However, "when KG has 13 points mainly out of the low post in the first quarter and then they go away from him like him Game One. Or in game four when he had 13 at halftime but they didn't keep going to him" - that is not execution, that's poor playcalling and poor reading of the game.
"when Paul Pierce is killing every Hawk wing off the midpost and then Rondo stops going to him" and "when Rondo dribbles the ball up, then doesn't make the quick pass to start the offense. Instead he holds onto it for the first 8-10 seconds of the offense which is happening far too often" is not execution, again, it's playcalling. If it's Rondo calling the plays, then I'll take it back, Rondo is more to blame than Doc, though I wonder why we're suddenly giving him playcalling control in the playoffs when we've run everything through Pierce and KG during the season.
Playcalling is execution. Recognition is execution. Understanding of your best weapons is execution (coaching has it's place here too).
Doc has his team run sets rather than precise plays so recognition of what to do stands with the players. If this were a Rick Carlisle team he'd be telling Rondo what to do on every possession and then Rick would be
more responsible for end product. That's not how Doc coaches. It's also not how Phil Jackson coaches or Rick Adelman or D'Antoni. They give their players the room to make decisions like Doc does. The players are
more responsible for those decisions in these types of offenses.

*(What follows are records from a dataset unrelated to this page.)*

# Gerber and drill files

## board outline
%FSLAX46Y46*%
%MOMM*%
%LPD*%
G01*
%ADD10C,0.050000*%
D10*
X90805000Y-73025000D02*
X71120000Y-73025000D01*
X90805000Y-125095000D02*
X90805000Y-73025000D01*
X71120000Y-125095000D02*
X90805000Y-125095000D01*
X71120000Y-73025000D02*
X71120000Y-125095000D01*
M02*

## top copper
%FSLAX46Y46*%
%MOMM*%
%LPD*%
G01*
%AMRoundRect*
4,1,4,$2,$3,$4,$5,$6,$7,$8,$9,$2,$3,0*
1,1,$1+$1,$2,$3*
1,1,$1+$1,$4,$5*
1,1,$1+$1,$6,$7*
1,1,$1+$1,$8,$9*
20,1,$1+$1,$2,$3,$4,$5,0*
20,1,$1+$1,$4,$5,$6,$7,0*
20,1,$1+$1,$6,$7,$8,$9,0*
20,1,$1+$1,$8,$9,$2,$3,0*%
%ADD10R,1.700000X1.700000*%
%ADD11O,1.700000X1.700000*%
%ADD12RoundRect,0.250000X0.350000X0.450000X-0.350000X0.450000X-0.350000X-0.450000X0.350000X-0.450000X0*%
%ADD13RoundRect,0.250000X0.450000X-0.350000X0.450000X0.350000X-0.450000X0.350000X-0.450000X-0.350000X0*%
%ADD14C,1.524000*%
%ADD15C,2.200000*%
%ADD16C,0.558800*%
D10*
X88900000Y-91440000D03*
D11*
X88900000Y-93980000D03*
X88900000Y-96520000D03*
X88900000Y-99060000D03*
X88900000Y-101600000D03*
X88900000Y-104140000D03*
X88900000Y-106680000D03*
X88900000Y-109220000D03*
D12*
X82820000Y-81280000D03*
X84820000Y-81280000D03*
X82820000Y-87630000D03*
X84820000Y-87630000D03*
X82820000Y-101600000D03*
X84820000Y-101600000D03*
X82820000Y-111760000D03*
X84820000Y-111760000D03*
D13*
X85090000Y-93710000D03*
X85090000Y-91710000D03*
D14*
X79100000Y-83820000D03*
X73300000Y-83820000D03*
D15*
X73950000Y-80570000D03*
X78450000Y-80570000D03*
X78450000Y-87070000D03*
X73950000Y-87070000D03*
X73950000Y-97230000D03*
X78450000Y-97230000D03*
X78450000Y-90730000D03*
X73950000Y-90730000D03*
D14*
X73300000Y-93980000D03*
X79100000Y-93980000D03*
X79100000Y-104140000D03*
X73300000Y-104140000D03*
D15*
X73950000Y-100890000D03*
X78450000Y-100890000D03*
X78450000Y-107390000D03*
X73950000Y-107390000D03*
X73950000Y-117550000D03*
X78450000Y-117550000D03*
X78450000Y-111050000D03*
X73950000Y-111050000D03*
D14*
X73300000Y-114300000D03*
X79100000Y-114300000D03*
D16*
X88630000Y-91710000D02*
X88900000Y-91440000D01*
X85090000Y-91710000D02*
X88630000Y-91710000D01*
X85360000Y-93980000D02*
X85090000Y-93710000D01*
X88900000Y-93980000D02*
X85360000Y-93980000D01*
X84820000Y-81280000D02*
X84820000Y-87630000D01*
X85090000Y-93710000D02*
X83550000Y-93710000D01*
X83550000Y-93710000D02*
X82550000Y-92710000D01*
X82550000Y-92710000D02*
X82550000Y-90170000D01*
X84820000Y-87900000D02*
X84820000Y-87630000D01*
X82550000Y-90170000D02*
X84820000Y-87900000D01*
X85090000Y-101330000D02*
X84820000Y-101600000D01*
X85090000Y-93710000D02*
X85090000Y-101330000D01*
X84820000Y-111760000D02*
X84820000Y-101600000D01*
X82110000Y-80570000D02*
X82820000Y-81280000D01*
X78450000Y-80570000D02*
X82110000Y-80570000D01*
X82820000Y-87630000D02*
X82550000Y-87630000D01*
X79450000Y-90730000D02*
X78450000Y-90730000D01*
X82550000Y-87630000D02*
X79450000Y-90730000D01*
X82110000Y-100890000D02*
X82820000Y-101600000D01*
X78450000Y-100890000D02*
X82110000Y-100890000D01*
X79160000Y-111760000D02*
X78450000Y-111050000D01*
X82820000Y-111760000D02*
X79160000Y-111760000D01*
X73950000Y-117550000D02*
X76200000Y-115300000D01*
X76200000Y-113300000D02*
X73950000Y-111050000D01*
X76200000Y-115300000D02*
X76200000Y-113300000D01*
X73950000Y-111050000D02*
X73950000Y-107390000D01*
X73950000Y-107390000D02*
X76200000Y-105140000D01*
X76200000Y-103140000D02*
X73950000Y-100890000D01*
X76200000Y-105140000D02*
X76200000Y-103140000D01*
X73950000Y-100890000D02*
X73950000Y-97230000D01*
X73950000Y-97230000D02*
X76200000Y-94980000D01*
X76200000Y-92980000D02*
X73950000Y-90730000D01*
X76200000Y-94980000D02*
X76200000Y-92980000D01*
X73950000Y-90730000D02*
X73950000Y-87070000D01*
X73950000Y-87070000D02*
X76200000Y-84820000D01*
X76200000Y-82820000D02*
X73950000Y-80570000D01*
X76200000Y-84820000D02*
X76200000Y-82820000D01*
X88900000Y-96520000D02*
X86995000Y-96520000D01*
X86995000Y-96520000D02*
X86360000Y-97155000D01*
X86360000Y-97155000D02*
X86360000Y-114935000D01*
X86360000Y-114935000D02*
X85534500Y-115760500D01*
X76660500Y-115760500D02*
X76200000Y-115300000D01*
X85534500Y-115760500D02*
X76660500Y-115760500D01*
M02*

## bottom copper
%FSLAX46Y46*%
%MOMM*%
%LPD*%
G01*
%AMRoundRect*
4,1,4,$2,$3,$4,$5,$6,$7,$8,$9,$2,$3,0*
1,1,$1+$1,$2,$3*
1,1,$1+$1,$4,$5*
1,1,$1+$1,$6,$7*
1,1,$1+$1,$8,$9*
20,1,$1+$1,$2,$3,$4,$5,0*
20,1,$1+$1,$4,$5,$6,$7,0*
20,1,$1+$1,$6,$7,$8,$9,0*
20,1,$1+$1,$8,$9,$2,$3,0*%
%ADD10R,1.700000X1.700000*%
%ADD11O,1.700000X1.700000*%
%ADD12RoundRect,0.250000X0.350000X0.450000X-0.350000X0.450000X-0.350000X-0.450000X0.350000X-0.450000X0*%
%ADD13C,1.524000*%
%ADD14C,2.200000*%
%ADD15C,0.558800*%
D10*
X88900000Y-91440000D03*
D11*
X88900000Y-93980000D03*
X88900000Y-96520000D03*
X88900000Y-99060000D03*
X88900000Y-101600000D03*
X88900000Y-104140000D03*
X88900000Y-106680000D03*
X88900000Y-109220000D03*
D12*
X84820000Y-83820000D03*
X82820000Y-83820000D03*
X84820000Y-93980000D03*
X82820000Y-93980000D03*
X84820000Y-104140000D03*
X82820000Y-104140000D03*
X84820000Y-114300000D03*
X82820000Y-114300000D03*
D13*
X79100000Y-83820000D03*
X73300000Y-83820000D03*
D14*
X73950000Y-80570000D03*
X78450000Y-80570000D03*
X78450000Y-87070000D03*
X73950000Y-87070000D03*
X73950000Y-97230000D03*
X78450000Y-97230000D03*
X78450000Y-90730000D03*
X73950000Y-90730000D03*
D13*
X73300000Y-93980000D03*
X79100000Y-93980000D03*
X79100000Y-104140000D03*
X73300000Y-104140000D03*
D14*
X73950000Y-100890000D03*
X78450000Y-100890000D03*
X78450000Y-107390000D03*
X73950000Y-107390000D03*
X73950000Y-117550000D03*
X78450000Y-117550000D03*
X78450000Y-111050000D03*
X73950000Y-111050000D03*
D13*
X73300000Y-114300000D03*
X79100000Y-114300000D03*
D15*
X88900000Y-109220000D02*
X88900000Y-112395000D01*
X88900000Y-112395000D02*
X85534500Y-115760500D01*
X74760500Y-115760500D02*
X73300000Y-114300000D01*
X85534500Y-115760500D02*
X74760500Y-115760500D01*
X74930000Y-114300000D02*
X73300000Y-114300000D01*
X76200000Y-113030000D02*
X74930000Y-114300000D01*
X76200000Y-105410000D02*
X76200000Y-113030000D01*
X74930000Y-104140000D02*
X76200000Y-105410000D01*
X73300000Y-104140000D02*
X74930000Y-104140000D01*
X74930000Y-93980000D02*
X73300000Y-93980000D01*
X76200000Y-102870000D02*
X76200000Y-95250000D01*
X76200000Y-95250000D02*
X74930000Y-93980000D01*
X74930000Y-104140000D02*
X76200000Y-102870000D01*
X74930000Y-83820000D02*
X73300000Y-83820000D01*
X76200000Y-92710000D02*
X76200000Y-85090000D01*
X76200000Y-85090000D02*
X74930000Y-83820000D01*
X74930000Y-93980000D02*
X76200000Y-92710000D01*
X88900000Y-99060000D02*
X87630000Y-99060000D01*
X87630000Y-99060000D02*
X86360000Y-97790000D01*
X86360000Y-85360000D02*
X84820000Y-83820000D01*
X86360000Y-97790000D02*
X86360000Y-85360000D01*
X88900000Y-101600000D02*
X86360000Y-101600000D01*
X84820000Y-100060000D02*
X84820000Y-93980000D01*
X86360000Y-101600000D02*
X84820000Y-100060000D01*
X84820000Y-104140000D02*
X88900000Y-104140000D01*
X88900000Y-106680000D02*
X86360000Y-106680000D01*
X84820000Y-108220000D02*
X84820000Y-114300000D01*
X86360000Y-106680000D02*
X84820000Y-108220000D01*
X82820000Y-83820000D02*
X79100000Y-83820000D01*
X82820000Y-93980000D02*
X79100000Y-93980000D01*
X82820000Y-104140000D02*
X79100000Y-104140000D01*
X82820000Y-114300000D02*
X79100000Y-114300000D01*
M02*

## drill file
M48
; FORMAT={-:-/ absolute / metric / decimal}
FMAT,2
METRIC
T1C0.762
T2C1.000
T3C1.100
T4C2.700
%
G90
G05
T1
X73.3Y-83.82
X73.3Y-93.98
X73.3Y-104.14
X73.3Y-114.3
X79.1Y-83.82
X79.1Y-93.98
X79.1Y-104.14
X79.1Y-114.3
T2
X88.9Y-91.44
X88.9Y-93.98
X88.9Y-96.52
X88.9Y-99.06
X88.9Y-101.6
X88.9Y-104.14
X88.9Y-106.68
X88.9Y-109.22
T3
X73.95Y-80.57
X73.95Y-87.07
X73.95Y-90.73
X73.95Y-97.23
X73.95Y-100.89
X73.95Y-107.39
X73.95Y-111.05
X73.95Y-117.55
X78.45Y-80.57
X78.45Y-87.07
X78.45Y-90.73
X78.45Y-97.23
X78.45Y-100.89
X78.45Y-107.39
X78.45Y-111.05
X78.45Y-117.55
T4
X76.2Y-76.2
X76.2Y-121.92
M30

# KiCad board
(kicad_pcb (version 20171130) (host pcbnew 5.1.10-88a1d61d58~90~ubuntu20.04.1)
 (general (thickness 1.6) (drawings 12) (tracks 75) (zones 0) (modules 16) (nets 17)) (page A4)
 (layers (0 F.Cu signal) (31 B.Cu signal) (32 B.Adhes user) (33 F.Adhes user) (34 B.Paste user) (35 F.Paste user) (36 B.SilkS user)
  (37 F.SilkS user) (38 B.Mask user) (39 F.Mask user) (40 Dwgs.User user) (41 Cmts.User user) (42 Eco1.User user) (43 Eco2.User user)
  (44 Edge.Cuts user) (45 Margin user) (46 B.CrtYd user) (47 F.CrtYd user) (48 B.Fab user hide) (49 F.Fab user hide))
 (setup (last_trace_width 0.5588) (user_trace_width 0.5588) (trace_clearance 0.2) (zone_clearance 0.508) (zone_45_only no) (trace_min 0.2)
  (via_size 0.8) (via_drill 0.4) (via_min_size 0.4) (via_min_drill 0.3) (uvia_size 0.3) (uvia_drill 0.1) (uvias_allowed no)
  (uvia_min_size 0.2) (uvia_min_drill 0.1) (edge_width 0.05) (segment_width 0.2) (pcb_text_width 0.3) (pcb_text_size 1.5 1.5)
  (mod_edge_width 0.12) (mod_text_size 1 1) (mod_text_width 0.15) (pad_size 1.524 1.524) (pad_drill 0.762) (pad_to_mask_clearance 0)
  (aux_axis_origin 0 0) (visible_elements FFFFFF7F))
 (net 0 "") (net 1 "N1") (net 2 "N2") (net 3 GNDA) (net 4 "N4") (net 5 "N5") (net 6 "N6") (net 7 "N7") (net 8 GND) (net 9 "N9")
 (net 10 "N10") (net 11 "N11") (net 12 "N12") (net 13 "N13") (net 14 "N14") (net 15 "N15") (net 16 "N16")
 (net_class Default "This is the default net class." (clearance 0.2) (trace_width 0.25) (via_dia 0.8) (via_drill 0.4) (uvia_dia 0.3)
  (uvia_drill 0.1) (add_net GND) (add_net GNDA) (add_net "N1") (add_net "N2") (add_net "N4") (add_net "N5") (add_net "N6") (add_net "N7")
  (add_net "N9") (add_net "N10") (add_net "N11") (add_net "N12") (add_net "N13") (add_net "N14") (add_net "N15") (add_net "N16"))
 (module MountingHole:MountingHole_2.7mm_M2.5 (layer F.Cu) (at 76.2 76.2)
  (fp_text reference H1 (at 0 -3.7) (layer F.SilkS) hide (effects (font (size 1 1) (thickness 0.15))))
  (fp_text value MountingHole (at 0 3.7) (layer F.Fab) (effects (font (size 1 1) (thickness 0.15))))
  (pad 1 np_thru_hole circle (at 0 0) (size 2.7 2.7) (drill 2.7) (layers *.Cu *.Mask)))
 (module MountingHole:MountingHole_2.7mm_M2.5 (layer F.Cu) (at 76.2 121.92)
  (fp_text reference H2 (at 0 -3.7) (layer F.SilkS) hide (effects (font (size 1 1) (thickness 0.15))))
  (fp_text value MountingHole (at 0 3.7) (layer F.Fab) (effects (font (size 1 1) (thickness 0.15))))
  (pad 1 np_thru_hole circle (at 0 0) (size 2.7 2.7) (drill 2.7) (layers *.Cu *.Mask)))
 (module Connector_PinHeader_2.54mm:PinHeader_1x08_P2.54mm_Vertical (layer F.Cu) (at 88.9 91.44)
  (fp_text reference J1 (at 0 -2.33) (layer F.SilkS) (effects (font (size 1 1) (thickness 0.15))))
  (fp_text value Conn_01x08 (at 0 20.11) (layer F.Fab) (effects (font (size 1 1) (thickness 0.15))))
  (pad 1 thru_hole rect (at 0 0) (size 1.7 1.7) (drill 1) (layers *.Cu *.Mask) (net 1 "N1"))
  (pad 2 thru_hole oval (at 0 2.54) (size 1.7 1.7) (drill 1) (layers *.Cu *.Mask) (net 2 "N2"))
  (pad 3 thru_hole oval (at 0 5.08) (size 1.7 1.7) (drill 1) (layers *.Cu *.Mask) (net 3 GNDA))
  (pad 4 thru_hole oval (at 0 7.62) (size 1.7 1.7) (drill 1) (layers *.Cu *.Mask) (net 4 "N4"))
  (pad 5 thru_hole oval (at 0 10.16) (size 1.7 1.7) (drill 1) (layers *.Cu *.Mask) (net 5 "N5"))
  (pad 6 thru_hole oval (at 0 12.7) (size 1.7 1.7) (drill 1) (layers *.Cu *.Mask) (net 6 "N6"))
  (pad 7 thru_hole oval (at 0 15.24) (size 1.7 1.7) (drill 1) (layers *.Cu *.Mask) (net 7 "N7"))
  (pad 8 thru_hole oval (at 0 17.78) (size 1.7 1.7) (drill 1) (layers *.Cu *.Mask) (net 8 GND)))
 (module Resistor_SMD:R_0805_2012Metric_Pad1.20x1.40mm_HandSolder (layer B.Cu) (at 83.82 83.82 180)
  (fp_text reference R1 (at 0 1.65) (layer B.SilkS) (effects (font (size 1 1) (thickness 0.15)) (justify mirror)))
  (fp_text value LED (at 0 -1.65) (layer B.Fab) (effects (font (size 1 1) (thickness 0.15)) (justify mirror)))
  (pad 1 smd roundrect (at -1 0 180) (size 1.2 1.4) (layers B.Cu B.Paste B.Mask) (roundrect_rratio 0.208333) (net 4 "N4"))
  (pad 2 smd roundrect (at 1 0 180) (size 1.2 1.4) (layers B.Cu B.Paste B.Mask) (roundrect_rratio 0.208333) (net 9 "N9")))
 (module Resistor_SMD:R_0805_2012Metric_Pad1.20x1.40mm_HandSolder (layer B.Cu) (at 83.82 93.98 180)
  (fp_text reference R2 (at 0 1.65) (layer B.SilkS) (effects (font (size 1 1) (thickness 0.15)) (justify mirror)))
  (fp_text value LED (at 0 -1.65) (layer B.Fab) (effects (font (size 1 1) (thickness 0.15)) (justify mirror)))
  (pad 1 smd roundrect (at -1 0 180) (size 1.2 1.4) (layers B.Cu B.Paste B.Mask) (roundrect_rratio 0.208333) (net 5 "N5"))
  (pad 2 smd roundrect (at 1 0 180) (size 1.2 1.4) (layers B.Cu B.Paste B.Mask) (roundrect_rratio 0.208333) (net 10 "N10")))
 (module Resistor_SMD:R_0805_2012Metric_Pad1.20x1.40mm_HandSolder (layer B.Cu) (at 83.82 104.14 180)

Thing is, nobody disagrees with the fact that Mike Brown and Mike Woodson aren't good coaches. Most of us know that. The problem is, Brown is doing better than Doc. He saw in Games 1 and 2 we were doubling Lebron with a big man whenever he got a whiff of the paint. So, he got his big men to get into open space for shots and that's how they got rolling in Game 3 and blew it open before the end of the first. Doc has yet to make any such adjustment. It's not by a wide margin, but he is doing better than Doc.
You see this makes no sense to me
To me this sounds like Brown did a bad job all season and put his team in a worse position to win but this shouldn't count for the playoffs. We gotta give bad coaches a handicap and then judge them.
This makes no sense to me
If Mike Brown did a better job during the regular season his team's offense would be better and his team would be in a better position to win this series. Why should he get a handicap for failure?
My bottom line is that Mike Brown's terrible coaching on offense is worse than any and all mistake(s) Doc has made in this series. That's why I don't think he's outcoaching him.
I also think Mike Brown has made mistakes on his side of the aisle during this series. Joe Smith's minutes would be top of my list. He should be playing a lot more. They're a different team when they have his offense on the floor. He defends KG well and he's a quality rebounder. He should be playing more minutes. In the two games they won he played 24-25 minutes as opposed to 16-19 minutes in the first two, and he only got 19 minutes cause Ben got dizzy. I regard him as their second best big man in the lineup and he's getting the least minutes of the four.
Doc did make an adjustment prior to the series begining. The defense we're playing on LeBron James isn't our normal defense and it's been very succesful.
As you said Doc has used the big men to limit Bron's penetration (part of the Bron adjustment). Doc is using KG on Ben in a similar manner to Brown using Delonte on Rondo; to consistently cheat off their man to limit an opposing team's best player.
Plus I don't agree with the adjustment you cited for Mike Brown. Ilgauskas was outside shooting jumpers throughout games one and two. Varajeo hasn't suddenly killed us from outside and neither has Ben Wallace. Joe Smith is doing the same thing he always does, he just hit shots (7-8 in game three instead of 2-7 in game two). I haven't seen what you described but I'll look for it, maybe I missed it.
The Cavs did have more player movement offensively (in games 3+4) but that was mainly down to their perimeter players
The single biggest difference by a huge margin is they're just making more of their shots and that's not a Mike Brown adjustment. That's just players shooting the ball better. The series didn't swing on anything he did. Just like the Celtics performance didn't change on the road because of anything Doc did. Cavs shot better, Celtics executed their offense worse.
Things aren't working. Offensively, they weren't working in Games 1 or 2, but we made no effort to adjust for Games 3 or 4. Doc stands by his belief the players have to do better. That might be true, but this is the problem we've all seen with Doc for years. When our players aren't doing better, he does absolutely nothing to help the situation, he just sticks with what doesn't work and makes haphazard rotation decisions.